» **RECORDS**
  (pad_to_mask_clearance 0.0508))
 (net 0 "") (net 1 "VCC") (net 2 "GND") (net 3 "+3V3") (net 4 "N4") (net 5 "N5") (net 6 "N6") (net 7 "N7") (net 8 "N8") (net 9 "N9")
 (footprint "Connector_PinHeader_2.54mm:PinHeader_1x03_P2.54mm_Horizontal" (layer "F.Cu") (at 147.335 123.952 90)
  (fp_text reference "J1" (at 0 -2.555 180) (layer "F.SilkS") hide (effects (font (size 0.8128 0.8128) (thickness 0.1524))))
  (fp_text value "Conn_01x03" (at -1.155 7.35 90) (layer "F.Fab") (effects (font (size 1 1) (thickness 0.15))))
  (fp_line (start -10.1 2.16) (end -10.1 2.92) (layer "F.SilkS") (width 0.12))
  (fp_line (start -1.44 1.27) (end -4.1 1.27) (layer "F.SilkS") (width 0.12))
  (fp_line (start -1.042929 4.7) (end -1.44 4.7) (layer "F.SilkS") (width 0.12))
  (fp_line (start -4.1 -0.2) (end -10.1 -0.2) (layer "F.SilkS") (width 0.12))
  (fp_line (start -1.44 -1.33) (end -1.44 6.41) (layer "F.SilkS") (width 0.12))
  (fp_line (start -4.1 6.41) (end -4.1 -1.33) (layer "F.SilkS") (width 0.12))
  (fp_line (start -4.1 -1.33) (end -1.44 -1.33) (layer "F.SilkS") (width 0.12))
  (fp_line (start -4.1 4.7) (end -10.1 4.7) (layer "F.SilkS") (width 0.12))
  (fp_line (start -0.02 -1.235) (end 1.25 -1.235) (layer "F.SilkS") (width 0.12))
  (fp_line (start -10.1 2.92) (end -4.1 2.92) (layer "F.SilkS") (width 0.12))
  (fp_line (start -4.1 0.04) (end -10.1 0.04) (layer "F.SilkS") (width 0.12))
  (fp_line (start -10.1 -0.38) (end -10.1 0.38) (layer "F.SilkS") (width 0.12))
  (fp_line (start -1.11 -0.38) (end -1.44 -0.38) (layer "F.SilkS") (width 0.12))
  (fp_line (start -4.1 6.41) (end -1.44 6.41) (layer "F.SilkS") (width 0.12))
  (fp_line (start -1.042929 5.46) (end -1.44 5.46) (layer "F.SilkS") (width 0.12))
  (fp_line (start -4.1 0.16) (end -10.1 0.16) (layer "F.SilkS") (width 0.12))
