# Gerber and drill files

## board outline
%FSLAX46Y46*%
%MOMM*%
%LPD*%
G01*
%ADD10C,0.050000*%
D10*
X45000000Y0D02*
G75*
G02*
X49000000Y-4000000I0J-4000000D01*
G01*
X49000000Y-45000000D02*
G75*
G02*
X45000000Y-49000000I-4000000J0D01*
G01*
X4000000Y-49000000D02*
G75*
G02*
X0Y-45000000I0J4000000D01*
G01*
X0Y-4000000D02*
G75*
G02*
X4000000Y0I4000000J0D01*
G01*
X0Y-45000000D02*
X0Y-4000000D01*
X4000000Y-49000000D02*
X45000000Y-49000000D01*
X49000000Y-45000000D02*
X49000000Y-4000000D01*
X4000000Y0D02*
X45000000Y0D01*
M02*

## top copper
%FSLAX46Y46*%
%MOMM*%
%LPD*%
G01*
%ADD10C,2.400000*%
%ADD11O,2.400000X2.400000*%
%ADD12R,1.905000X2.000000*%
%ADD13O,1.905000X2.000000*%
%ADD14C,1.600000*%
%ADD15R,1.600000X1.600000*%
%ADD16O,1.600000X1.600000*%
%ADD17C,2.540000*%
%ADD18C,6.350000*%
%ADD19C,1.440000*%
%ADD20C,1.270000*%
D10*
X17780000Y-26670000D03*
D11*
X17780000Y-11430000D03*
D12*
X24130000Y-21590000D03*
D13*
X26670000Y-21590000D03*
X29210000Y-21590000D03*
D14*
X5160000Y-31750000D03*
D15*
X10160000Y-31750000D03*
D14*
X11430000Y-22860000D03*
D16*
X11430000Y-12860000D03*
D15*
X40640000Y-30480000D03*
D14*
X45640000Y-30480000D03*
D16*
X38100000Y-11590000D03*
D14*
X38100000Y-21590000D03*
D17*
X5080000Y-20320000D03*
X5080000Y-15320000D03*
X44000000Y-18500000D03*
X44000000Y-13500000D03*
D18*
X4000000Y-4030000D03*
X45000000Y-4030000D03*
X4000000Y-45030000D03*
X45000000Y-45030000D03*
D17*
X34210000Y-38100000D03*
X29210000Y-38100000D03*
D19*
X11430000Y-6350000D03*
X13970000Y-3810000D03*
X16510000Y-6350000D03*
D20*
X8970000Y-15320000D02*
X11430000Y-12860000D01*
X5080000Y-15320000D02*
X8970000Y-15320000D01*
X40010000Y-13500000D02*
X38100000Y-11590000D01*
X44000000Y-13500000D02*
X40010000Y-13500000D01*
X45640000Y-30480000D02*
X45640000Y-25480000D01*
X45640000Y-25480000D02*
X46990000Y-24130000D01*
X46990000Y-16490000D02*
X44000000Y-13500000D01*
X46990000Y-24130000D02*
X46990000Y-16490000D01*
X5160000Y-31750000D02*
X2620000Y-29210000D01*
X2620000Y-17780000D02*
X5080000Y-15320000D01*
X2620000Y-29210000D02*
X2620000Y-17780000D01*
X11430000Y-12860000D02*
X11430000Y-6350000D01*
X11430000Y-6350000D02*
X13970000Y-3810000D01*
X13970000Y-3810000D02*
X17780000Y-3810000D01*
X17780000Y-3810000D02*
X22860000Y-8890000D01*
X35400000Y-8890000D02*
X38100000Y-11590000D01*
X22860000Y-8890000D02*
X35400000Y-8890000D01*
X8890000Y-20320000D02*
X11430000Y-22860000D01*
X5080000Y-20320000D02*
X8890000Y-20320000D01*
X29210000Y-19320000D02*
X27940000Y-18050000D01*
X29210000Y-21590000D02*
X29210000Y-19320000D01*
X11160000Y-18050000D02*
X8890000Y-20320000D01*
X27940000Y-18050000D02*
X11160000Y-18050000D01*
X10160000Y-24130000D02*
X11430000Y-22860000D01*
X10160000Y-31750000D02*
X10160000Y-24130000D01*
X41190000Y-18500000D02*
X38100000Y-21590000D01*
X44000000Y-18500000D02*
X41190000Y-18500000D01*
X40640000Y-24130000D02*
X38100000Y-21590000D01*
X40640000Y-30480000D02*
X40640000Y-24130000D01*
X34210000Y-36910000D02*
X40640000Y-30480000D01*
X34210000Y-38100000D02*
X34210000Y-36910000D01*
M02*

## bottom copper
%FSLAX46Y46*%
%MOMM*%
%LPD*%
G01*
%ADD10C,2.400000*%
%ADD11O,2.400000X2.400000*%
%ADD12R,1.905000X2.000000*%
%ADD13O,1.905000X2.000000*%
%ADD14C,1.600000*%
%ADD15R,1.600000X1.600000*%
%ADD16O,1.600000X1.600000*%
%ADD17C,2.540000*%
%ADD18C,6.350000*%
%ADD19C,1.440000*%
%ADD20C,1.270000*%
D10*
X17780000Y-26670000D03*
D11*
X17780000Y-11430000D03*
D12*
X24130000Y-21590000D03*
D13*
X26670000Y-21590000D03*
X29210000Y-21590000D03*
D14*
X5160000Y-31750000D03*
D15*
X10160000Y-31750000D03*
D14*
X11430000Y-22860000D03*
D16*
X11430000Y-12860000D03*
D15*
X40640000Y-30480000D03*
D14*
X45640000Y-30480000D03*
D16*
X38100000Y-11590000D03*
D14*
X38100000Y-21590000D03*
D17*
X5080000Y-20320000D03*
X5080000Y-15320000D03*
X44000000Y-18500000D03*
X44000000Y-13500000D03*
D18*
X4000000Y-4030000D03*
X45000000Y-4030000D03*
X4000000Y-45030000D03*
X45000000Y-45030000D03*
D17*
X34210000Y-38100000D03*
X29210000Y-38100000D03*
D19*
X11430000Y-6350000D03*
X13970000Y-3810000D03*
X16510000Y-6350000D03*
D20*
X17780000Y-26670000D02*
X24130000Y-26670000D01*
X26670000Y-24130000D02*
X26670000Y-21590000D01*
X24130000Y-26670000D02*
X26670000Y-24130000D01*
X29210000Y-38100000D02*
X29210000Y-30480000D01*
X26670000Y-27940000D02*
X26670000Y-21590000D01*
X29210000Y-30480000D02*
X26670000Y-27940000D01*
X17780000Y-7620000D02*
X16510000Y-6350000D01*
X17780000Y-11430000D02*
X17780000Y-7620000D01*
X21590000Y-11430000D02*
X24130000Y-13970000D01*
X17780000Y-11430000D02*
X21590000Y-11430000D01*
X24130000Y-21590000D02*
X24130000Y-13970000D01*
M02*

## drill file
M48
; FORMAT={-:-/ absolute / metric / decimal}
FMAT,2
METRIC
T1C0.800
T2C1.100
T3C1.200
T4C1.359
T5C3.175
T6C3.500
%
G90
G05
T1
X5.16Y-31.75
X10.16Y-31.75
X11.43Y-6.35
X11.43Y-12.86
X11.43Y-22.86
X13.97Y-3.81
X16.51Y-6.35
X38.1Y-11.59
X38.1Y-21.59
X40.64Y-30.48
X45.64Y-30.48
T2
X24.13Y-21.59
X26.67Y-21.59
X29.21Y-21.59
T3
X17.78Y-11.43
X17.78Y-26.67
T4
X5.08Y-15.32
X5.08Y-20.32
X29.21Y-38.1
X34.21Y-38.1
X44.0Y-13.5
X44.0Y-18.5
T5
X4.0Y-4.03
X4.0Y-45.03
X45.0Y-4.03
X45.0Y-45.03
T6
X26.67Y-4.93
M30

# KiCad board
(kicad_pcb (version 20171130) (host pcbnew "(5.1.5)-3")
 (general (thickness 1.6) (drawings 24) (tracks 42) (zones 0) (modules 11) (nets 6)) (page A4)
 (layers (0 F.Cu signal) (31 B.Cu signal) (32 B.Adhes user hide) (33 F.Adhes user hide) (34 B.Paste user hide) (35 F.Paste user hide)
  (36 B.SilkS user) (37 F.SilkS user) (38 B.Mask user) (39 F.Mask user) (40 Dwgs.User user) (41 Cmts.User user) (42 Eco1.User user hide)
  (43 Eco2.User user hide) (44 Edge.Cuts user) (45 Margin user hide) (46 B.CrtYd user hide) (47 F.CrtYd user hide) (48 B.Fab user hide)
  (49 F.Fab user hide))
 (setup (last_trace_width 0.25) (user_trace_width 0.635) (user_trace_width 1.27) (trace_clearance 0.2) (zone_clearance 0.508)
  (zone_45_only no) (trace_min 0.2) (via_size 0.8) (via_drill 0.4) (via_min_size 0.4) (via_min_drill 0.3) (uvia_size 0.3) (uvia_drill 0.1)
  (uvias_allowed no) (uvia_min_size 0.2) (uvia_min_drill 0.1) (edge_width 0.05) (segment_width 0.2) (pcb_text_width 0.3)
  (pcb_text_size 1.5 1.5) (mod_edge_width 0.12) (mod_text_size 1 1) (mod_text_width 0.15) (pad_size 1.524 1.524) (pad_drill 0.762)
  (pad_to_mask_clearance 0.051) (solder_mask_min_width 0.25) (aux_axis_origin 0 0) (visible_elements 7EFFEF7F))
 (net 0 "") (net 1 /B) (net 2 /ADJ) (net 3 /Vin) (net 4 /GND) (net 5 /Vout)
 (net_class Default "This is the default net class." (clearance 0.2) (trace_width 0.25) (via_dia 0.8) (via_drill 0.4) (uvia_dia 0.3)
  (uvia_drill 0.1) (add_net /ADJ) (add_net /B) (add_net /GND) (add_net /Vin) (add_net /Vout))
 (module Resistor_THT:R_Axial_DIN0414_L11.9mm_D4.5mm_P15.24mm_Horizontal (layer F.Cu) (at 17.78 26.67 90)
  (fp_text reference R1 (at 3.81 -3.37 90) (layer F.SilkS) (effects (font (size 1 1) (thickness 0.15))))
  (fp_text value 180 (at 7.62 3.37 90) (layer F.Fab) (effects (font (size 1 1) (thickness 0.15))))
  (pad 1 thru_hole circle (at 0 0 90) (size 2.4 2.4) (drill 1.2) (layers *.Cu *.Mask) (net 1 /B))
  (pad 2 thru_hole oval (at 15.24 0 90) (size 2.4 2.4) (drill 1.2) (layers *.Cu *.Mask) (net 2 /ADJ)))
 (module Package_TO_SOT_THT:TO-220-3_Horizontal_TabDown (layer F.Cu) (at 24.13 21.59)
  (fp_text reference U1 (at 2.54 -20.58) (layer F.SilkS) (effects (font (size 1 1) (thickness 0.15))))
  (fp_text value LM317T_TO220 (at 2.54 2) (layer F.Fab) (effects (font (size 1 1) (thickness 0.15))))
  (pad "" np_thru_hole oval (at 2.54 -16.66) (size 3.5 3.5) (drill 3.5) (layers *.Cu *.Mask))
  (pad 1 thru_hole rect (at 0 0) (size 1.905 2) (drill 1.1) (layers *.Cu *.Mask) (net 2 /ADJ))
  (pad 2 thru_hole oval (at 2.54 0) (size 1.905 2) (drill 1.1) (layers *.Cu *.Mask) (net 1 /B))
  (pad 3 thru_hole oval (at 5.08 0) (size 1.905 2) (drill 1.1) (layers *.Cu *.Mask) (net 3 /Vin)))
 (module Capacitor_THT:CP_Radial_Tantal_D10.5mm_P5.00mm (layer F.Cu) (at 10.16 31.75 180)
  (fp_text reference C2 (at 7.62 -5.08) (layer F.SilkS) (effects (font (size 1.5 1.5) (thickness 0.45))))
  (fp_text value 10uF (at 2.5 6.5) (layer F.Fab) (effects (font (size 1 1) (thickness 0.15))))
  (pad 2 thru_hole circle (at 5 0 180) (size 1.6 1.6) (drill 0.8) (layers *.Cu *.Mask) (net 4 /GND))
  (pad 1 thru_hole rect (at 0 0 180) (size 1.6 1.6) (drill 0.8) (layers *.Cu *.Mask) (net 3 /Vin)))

...

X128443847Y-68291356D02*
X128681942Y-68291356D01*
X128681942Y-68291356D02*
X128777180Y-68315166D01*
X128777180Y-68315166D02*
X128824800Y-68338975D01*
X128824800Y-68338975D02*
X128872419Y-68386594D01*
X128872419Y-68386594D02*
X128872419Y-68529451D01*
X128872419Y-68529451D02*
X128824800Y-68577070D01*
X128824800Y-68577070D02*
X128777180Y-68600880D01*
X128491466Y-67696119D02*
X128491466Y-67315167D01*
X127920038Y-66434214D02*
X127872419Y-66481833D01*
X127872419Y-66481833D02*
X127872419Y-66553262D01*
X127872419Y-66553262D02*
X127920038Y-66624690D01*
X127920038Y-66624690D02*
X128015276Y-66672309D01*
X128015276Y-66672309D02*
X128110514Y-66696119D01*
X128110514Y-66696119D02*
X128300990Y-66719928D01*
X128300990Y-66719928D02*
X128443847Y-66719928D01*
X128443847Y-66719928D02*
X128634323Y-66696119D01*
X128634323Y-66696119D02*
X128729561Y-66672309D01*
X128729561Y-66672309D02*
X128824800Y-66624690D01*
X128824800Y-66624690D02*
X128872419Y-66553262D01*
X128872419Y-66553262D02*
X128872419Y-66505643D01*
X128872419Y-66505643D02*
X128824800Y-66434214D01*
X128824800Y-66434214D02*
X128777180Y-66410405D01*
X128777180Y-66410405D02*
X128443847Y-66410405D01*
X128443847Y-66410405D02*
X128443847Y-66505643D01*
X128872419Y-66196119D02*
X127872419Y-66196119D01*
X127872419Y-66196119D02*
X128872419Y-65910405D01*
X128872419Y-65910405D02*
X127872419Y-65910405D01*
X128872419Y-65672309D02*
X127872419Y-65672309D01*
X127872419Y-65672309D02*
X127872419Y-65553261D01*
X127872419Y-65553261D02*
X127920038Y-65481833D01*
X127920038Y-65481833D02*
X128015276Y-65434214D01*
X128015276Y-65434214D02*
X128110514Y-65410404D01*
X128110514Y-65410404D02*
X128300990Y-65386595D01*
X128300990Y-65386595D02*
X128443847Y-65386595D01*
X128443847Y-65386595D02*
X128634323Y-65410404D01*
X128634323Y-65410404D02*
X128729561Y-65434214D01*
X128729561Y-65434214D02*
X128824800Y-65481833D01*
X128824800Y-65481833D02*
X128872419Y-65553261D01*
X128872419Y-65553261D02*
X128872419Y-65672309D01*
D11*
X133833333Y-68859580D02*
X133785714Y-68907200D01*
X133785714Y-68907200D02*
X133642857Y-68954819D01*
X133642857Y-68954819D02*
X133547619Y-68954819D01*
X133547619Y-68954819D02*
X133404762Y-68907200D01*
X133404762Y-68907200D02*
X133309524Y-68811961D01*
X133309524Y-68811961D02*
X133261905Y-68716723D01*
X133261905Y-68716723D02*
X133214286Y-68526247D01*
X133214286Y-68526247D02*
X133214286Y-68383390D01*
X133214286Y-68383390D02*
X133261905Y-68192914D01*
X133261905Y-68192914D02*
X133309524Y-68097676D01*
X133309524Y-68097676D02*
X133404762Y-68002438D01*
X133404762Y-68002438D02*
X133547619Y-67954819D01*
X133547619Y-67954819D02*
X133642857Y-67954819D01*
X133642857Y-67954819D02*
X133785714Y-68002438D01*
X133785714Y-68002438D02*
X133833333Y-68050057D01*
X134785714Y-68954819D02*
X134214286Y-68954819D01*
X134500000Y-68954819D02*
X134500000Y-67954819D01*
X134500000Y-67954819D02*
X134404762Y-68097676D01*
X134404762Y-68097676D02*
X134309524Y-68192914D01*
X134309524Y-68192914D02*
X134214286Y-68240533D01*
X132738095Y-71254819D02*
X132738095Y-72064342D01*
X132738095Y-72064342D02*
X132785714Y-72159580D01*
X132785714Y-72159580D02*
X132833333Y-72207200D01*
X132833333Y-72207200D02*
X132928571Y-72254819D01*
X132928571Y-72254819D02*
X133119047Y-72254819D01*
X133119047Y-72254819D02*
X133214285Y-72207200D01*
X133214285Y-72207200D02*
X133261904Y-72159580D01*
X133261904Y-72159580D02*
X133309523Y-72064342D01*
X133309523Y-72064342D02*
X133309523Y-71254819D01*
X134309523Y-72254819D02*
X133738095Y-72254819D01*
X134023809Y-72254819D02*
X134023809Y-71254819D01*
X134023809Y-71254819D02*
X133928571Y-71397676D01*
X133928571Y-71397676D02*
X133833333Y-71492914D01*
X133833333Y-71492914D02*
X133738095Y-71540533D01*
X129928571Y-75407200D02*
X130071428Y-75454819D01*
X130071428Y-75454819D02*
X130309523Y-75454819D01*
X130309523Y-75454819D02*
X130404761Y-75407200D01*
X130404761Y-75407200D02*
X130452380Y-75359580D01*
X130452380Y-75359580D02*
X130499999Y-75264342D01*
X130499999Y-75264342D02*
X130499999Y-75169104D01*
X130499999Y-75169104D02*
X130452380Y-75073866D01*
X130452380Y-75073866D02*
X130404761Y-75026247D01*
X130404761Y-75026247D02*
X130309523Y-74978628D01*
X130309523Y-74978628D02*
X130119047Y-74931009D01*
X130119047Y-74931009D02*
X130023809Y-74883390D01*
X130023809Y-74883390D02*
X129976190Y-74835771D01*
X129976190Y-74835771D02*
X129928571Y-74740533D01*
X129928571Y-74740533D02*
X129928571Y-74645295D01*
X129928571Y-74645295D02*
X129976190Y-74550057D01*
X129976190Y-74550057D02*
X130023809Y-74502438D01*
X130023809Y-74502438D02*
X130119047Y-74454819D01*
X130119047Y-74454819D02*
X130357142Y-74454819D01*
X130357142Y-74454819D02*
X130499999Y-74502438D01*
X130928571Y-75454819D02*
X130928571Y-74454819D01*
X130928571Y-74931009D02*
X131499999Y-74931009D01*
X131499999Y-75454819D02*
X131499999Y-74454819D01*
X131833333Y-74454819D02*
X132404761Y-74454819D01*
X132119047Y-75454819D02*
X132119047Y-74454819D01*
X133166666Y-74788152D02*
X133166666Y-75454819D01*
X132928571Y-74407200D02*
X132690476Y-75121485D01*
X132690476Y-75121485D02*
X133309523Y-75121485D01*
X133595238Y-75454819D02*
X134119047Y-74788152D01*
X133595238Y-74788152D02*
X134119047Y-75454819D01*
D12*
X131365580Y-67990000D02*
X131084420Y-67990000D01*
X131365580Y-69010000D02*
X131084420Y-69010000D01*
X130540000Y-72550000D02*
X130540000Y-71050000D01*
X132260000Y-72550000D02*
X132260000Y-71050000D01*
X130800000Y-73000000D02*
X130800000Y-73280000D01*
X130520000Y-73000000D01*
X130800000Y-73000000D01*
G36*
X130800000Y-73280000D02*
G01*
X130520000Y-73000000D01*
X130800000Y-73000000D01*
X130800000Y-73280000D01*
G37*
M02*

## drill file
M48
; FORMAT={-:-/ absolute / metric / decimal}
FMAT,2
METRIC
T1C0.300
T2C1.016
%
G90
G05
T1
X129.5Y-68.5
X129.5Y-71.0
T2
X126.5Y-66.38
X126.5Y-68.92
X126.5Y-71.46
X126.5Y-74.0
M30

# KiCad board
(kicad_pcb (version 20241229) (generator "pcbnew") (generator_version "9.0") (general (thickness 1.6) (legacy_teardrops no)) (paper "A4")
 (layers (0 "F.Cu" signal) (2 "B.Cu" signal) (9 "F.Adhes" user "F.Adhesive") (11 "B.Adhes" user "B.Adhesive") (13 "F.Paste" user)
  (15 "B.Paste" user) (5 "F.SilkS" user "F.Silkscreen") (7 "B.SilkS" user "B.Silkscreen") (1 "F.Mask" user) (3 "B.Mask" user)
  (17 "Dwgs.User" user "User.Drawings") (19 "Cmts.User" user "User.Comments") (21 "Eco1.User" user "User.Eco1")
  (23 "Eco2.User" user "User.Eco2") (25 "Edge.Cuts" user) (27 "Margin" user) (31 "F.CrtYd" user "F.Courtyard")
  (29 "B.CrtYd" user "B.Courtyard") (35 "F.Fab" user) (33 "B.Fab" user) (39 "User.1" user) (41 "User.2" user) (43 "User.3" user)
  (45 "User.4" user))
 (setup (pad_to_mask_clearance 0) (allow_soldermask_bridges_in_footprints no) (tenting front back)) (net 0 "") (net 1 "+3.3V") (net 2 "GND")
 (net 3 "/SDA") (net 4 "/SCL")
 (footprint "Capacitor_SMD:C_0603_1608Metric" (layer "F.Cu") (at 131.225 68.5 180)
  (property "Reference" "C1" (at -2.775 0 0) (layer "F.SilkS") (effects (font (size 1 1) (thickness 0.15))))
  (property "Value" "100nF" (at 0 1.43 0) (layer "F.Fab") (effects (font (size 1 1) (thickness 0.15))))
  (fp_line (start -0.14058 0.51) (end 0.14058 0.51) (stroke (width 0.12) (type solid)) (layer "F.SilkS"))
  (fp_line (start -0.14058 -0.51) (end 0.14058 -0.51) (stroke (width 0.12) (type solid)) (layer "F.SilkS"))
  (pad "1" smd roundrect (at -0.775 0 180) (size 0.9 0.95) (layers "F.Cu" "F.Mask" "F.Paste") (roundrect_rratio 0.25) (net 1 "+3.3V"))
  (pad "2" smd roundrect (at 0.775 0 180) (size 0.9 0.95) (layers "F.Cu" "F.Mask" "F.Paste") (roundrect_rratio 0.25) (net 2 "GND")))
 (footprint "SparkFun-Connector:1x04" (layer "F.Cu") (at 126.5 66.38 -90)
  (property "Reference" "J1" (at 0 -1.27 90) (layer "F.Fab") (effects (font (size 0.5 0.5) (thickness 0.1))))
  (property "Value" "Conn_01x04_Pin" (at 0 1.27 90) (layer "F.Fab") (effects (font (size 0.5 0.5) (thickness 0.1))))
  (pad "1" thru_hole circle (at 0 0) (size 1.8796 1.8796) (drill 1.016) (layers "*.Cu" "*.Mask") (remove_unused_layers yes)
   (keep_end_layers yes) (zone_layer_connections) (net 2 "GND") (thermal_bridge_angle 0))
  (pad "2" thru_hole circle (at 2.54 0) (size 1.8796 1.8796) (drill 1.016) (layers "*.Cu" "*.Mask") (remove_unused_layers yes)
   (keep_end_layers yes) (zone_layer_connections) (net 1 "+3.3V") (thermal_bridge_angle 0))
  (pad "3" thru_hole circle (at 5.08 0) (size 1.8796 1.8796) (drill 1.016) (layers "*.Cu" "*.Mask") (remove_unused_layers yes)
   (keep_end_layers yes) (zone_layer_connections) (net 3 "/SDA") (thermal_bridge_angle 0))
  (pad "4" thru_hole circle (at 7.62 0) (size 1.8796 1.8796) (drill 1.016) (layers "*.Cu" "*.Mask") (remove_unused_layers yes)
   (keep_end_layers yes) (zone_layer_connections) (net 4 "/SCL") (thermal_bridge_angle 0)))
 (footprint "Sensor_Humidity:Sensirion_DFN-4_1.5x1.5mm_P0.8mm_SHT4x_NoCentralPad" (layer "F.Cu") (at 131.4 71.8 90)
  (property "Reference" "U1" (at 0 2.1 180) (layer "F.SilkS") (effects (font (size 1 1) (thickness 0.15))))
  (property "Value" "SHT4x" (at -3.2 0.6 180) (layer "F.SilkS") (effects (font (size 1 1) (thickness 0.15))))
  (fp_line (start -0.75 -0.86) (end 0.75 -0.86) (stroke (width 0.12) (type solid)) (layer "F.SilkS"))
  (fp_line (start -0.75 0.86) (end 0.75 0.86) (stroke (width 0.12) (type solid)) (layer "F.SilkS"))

» **WHAT YOU HAVE TO DO**
Given the records above, reproduce precisely and only the lines between the line holding "X128634323Y-66696119D02*" and the line holding "X128443847Y-66505643D01*", inclusive.

» **OUTPUT OF THE TASK**
X128634323Y-66696119D02*
X128729561Y-66672309D01*
X128729561Y-66672309D02*
X128824800Y-66624690D01*
X128824800Y-66624690D02*
X128872419Y-66553262D01*
X128872419Y-66553262D02*
X128872419Y-66505643D01*
X128872419Y-66505643D02*
X128824800Y-66434214D01*
X128824800Y-66434214D02*
X128777180Y-66410405D01*
X128777180Y-66410405D02*
X128443847Y-66410405D01*
X128443847Y-66410405D02*
X128443847Y-66505643D01*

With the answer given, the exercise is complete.